Since its inception, Wave of Nostalgia now has a staff of six and hosts events in its basement and upstairs rooms.

“I never thought I would have to take so many people,” says Park. “But the value of an independent bookstore is the knowledge and enthusiasm of the booksellers. A person cannot be on the phone with a customer who wants to place an order and at the same time shove books into the hands of customers in the store saying ‘You have to read this!’

Haworth is a honeypot for tourists, which makes running the business a bit unpredictable. “You never know how things are going to go…one day you can be full of tourists and the next it can be dead,” says Park. “But we seem to be a destination store for a lot of people.

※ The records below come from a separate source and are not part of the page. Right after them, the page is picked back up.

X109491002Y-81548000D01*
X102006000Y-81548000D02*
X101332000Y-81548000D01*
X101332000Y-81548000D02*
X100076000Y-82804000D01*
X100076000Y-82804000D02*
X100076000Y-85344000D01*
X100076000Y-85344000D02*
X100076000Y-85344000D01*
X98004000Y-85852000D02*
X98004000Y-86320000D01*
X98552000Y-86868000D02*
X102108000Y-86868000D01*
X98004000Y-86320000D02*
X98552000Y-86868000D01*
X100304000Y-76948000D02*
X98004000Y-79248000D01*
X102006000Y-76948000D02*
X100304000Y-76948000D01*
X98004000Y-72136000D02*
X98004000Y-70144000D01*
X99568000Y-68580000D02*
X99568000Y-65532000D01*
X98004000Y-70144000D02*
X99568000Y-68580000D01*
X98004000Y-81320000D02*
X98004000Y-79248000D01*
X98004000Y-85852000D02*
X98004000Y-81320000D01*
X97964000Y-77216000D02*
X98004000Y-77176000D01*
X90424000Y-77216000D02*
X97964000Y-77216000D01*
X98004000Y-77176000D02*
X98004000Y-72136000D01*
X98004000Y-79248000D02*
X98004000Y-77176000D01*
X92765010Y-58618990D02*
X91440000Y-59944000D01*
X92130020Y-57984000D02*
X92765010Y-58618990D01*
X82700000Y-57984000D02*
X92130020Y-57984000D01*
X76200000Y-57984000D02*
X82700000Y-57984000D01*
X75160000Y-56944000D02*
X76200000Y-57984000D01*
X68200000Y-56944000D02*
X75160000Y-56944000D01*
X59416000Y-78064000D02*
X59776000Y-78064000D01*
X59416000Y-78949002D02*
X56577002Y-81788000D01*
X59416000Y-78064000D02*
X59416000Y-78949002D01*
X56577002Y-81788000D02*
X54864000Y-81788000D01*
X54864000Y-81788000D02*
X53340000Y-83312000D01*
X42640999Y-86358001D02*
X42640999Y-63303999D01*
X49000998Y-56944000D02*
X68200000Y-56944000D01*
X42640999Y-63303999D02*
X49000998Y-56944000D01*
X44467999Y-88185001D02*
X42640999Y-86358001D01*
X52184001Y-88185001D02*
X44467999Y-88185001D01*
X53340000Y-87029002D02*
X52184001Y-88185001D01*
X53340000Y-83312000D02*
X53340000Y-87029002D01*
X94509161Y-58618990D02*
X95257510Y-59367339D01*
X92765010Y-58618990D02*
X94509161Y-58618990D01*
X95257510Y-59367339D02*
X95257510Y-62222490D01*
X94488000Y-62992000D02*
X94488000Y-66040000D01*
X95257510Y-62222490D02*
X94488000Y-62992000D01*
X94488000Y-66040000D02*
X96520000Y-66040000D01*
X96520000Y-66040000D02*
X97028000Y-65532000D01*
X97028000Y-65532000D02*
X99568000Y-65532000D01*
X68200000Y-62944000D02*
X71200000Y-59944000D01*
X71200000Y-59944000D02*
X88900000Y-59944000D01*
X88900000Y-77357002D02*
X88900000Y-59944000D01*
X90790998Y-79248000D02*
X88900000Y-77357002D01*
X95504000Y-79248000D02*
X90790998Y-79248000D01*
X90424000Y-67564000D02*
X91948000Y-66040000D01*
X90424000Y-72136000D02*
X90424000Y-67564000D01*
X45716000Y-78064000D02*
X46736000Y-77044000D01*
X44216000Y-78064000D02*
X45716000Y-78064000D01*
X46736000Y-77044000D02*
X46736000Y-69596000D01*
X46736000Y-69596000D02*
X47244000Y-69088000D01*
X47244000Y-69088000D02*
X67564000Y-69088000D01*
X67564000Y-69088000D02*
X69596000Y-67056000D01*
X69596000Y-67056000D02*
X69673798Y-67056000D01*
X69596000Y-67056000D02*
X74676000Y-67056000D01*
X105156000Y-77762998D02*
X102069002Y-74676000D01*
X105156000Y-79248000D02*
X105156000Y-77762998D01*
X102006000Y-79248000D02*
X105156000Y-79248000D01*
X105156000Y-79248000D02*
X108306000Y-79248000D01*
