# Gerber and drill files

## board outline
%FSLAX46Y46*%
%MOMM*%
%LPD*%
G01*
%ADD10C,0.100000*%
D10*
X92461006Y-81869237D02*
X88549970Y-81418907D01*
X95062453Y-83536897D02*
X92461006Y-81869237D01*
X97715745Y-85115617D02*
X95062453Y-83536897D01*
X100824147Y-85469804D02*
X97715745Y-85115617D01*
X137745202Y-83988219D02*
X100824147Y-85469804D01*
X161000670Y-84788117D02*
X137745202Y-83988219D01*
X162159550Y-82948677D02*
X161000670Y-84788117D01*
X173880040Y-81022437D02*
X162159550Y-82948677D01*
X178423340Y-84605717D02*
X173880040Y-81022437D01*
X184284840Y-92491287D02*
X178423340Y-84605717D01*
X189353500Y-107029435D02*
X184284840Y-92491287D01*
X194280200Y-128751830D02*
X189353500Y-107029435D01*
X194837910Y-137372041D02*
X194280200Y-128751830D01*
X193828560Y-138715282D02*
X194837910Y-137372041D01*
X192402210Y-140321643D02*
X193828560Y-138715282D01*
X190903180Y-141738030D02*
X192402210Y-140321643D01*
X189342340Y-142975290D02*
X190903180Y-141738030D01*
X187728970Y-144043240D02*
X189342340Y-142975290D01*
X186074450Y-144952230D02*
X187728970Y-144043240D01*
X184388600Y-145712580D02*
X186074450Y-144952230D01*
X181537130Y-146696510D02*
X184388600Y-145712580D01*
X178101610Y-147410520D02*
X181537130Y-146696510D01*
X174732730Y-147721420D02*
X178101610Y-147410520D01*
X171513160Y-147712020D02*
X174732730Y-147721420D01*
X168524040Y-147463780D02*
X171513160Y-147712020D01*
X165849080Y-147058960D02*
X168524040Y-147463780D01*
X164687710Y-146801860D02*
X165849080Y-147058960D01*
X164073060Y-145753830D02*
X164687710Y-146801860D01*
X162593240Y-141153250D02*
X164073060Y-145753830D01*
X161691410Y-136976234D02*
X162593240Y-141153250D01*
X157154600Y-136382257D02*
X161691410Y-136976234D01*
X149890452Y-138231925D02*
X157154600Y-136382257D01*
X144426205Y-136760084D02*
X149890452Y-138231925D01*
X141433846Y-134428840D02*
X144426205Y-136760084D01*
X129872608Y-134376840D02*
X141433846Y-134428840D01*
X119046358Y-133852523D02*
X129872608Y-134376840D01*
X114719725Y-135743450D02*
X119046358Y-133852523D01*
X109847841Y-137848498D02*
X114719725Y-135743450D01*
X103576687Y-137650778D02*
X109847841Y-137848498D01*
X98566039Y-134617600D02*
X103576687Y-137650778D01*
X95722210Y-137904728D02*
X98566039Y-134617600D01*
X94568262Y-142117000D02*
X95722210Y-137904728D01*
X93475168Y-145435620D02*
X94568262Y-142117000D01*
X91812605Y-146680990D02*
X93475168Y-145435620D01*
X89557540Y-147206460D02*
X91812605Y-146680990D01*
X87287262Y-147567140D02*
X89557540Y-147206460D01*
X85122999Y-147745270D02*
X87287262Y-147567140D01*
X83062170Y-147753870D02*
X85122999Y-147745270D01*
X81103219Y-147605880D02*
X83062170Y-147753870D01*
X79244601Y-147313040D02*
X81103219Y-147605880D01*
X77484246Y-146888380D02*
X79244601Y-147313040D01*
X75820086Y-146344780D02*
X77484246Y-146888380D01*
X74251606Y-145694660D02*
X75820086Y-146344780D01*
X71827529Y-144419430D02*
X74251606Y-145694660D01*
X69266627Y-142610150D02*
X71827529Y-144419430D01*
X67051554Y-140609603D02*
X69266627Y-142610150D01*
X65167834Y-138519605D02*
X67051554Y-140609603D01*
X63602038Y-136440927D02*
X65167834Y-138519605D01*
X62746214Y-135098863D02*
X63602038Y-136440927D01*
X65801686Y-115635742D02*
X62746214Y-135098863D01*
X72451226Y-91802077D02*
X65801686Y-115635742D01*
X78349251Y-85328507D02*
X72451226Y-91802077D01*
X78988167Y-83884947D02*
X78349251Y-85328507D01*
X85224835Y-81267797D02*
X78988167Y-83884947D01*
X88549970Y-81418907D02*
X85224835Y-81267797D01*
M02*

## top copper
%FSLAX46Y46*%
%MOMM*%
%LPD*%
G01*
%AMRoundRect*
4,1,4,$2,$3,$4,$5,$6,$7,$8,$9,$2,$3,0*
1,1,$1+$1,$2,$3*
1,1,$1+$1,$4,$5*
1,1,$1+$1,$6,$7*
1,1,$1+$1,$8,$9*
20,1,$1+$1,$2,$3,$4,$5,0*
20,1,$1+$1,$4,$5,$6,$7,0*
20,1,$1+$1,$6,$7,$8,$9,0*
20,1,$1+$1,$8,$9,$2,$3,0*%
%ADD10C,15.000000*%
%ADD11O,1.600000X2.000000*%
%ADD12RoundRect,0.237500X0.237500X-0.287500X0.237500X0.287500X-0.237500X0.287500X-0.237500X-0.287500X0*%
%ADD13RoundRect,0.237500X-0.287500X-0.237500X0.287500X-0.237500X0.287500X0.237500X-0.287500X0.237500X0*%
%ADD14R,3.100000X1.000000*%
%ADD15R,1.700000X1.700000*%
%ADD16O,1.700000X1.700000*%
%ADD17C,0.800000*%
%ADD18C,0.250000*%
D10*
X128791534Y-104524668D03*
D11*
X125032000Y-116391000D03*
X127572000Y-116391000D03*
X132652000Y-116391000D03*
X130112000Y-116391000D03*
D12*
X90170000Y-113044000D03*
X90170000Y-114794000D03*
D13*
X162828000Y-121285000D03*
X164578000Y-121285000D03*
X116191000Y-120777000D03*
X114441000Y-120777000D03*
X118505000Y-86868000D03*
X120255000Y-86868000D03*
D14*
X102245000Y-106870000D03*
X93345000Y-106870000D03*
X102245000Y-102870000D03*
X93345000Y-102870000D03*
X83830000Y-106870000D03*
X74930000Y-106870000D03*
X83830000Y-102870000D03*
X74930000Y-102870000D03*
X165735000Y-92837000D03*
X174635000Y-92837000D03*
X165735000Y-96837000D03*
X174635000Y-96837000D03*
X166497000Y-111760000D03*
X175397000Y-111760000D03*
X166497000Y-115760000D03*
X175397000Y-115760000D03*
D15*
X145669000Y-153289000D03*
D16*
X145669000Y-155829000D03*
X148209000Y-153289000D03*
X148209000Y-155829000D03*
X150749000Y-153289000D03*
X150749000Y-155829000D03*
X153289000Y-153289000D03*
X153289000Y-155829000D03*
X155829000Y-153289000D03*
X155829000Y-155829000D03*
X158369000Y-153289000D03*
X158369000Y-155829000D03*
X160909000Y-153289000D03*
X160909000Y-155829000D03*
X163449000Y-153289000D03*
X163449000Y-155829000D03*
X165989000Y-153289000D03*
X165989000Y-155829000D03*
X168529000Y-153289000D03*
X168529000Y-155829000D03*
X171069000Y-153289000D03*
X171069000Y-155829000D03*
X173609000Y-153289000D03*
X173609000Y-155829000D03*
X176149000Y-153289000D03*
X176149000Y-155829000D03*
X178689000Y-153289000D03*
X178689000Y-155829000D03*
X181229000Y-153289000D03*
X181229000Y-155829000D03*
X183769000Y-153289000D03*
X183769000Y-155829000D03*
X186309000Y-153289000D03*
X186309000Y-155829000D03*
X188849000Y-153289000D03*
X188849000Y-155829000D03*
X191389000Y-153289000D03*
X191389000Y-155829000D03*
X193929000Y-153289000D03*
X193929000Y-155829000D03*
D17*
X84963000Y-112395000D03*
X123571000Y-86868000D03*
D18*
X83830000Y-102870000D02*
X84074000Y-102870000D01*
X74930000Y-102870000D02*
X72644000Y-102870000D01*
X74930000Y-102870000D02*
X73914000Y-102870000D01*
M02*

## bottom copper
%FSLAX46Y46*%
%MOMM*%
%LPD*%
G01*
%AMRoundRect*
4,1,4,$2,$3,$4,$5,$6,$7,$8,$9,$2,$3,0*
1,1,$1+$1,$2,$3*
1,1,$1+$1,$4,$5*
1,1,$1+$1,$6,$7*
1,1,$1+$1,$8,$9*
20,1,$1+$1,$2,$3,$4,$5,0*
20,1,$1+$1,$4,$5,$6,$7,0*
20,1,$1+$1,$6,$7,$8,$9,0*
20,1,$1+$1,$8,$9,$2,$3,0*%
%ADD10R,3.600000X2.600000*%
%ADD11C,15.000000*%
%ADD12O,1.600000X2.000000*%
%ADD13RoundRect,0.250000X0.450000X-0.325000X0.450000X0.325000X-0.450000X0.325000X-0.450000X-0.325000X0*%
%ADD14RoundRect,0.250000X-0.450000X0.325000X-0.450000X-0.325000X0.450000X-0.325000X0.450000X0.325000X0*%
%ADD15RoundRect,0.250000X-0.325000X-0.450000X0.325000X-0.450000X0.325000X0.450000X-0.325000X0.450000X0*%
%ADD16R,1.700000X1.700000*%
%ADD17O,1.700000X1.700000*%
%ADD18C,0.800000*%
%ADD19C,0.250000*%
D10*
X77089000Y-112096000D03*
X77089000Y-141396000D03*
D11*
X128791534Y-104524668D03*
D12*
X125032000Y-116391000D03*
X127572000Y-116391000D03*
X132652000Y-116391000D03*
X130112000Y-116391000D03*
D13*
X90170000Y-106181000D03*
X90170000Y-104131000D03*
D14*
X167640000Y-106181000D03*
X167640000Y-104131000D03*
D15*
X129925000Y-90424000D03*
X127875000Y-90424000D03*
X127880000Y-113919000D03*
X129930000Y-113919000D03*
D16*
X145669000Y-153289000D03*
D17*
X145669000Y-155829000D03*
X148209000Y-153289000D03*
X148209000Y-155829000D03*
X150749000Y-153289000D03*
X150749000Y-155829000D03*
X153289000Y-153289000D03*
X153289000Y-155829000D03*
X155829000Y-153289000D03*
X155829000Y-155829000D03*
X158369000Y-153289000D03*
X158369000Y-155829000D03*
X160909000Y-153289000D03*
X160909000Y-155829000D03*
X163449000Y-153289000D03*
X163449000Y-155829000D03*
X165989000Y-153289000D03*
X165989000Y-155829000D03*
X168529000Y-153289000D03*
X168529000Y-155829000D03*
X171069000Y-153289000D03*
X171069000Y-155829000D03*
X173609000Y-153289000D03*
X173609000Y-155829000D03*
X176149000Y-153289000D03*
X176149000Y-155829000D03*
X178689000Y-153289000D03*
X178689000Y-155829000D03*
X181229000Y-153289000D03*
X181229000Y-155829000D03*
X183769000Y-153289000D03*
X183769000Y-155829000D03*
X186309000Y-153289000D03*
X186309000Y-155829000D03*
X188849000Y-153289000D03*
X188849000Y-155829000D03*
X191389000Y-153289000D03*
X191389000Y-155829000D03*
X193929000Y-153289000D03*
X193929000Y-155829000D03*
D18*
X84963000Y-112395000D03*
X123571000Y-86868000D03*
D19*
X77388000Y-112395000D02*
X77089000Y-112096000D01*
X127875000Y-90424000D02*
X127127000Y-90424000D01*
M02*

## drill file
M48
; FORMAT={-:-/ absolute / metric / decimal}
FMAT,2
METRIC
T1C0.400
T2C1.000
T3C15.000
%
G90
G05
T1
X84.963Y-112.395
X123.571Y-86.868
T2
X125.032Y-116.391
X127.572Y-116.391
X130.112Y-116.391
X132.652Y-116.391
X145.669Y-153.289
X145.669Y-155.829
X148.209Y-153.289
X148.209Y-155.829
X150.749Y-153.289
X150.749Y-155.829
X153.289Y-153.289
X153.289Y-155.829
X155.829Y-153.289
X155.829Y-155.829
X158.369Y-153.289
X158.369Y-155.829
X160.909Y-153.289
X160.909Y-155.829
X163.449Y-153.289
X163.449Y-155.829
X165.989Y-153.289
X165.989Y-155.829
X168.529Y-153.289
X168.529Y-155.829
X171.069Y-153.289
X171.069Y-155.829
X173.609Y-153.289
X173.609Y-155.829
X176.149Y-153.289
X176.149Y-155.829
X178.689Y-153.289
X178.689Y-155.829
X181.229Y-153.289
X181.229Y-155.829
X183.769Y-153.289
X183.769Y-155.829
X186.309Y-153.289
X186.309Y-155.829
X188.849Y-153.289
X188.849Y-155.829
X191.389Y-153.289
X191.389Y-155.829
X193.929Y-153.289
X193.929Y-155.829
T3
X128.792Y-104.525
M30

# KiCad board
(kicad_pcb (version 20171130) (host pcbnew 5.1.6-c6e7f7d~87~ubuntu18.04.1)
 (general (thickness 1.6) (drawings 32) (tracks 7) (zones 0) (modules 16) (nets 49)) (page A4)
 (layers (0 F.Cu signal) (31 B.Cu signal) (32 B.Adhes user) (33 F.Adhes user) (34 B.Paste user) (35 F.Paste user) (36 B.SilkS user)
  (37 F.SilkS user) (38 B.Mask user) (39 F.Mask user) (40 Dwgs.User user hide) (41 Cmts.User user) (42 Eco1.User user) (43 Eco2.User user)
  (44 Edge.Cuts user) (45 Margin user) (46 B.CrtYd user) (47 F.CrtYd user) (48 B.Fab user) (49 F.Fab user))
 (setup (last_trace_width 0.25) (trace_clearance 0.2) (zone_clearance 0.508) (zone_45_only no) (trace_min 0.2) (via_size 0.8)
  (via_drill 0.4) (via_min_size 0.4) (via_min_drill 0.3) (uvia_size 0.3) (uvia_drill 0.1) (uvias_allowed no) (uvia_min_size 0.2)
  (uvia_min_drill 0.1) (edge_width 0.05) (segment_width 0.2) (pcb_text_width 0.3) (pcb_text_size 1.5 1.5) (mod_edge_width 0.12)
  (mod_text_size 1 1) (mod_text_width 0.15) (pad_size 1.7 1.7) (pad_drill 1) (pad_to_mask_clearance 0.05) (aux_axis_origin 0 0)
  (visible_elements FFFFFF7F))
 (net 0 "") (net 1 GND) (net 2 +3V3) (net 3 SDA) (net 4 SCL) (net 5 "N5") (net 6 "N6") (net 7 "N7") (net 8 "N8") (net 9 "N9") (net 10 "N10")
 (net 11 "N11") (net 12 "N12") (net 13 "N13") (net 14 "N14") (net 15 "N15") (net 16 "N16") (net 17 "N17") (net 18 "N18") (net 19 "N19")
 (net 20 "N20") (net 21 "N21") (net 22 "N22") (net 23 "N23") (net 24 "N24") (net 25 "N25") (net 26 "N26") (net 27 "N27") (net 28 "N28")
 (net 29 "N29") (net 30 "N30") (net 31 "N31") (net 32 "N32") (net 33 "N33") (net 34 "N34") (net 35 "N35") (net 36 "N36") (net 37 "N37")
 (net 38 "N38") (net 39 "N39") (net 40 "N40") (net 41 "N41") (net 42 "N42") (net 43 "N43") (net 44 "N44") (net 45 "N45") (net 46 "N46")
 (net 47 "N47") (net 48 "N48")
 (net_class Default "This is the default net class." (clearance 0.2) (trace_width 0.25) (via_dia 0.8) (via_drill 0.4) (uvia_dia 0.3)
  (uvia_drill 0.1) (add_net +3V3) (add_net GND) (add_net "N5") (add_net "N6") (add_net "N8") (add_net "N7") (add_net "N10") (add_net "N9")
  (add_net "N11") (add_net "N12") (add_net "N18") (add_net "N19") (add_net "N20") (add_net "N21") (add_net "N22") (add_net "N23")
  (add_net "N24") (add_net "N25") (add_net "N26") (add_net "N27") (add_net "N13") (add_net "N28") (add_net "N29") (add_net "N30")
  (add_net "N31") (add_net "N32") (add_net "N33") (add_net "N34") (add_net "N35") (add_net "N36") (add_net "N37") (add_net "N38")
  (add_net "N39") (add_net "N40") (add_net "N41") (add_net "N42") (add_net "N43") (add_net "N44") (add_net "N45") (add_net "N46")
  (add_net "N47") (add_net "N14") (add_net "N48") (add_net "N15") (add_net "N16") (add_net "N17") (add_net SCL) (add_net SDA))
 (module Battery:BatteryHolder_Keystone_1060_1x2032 (layer B.Cu) (at 77.089 126.746 90)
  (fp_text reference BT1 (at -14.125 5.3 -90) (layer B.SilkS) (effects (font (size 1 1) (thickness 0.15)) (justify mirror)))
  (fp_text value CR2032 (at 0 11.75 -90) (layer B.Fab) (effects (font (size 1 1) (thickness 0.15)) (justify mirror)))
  (pad 2 smd rect (at 14.65 0 270) (size 2.6 3.6) (layers B.Cu B.Paste B.Mask) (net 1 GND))
  (pad 1 smd rect (at -14.65 0 270) (size 2.6 3.6) (layers B.Cu B.Paste B.Mask) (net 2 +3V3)))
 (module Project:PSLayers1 (layer F.Cu) (at 127 115.824)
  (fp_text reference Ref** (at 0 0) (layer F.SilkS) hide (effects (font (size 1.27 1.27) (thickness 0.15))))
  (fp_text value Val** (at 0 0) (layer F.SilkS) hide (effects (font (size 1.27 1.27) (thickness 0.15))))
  (fp_line (start -34.538994 -33.954763) (end -38.45003 -34.405093) (layer Edge.Cuts) (width 0.1))
  (fp_line (start -31.937547 -32.287103) (end -34.538994 -33.954763) (layer Edge.Cuts) (width 0.1))
  (fp_line (start -29.284255 -30.708383) (end -31.937547 -32.287103) (layer Edge.Cuts) (width 0.1))
  (fp_line (start -26.175853 -30.354196) (end -29.284255 -30.708383) (layer Edge.Cuts) (width 0.1))
  (fp_line (start 10.745202 -31.835781) (end -26.175853 -30.354196) (layer Edge.Cuts) (width 0.1))
  (fp_line (start 34.00067 -31.035883) (end 10.745202 -31.835781) (layer Edge.Cuts) (width 0.1))
  (fp_line (start 35.15955 -32.875323) (end 34.00067 -31.035883) (layer Edge.Cuts) (width 0.1))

They will come to Haworth just to visit us and buy a book, or to attend one of our events, which we can have two or three in a week sometimes.|

Winning the accolade of best independent bookshop in the north of England was a highlight of this year, of course, but Park aims to go even further in next year’s awards. “We will do our best to win the title of the best independent in the country,” she says.


Falmouth Bookshop, Cornwall

Falmouth Bookstore. Photo: Falmouth Bookstore

There has been a bookshop in the center of the Cornish port town of Falmouth for as long as anyone can remember, but for the past three decades Falmouth Bookseller has been part of the growing Cornish bookshop chain started by Ron Johns. As well as the Falmouth shop, Johns owns St Ives Bookstore, is a partner in Padstow Bookseller and owns the small independent press Mabecron Books, which publishes mainly Cornish picture books.

Housed in a 200-year-old Georgian building, Falmouth Bookseller has an impressive shop window and a light and airy interior. It’s a “brilliant” place to sell books, “for so many reasons,” says manager Eloise Rowe. “We absolutely have the boost of the Cornish tourist trade during the school holidays,” she says, as well as a year-round customer base of locals and university students.

One of the biggest obstacles is getting publishers behind independent bookstores, says Rowe. “We’ve been running talks and events throughout the year, but one of the newer issues we’re dealing with is the bigger tour event organizers doing everything in-house,” she says. “This means that major authors, or perhaps their publicists, are becoming less likely to hold events directly with an indie bookstore. A few years ago we did an event with Michael Palin in our beautiful church in town, it sold out and we sold a lot of books that night – it was a coup for us and the town, but opportunities like this become harder and harder. find.”

That said, Rowe thinks the sector is in pretty good shape. While there are some “really big hurdles,” Indies is “a really great place, and our customers really value us,” she says.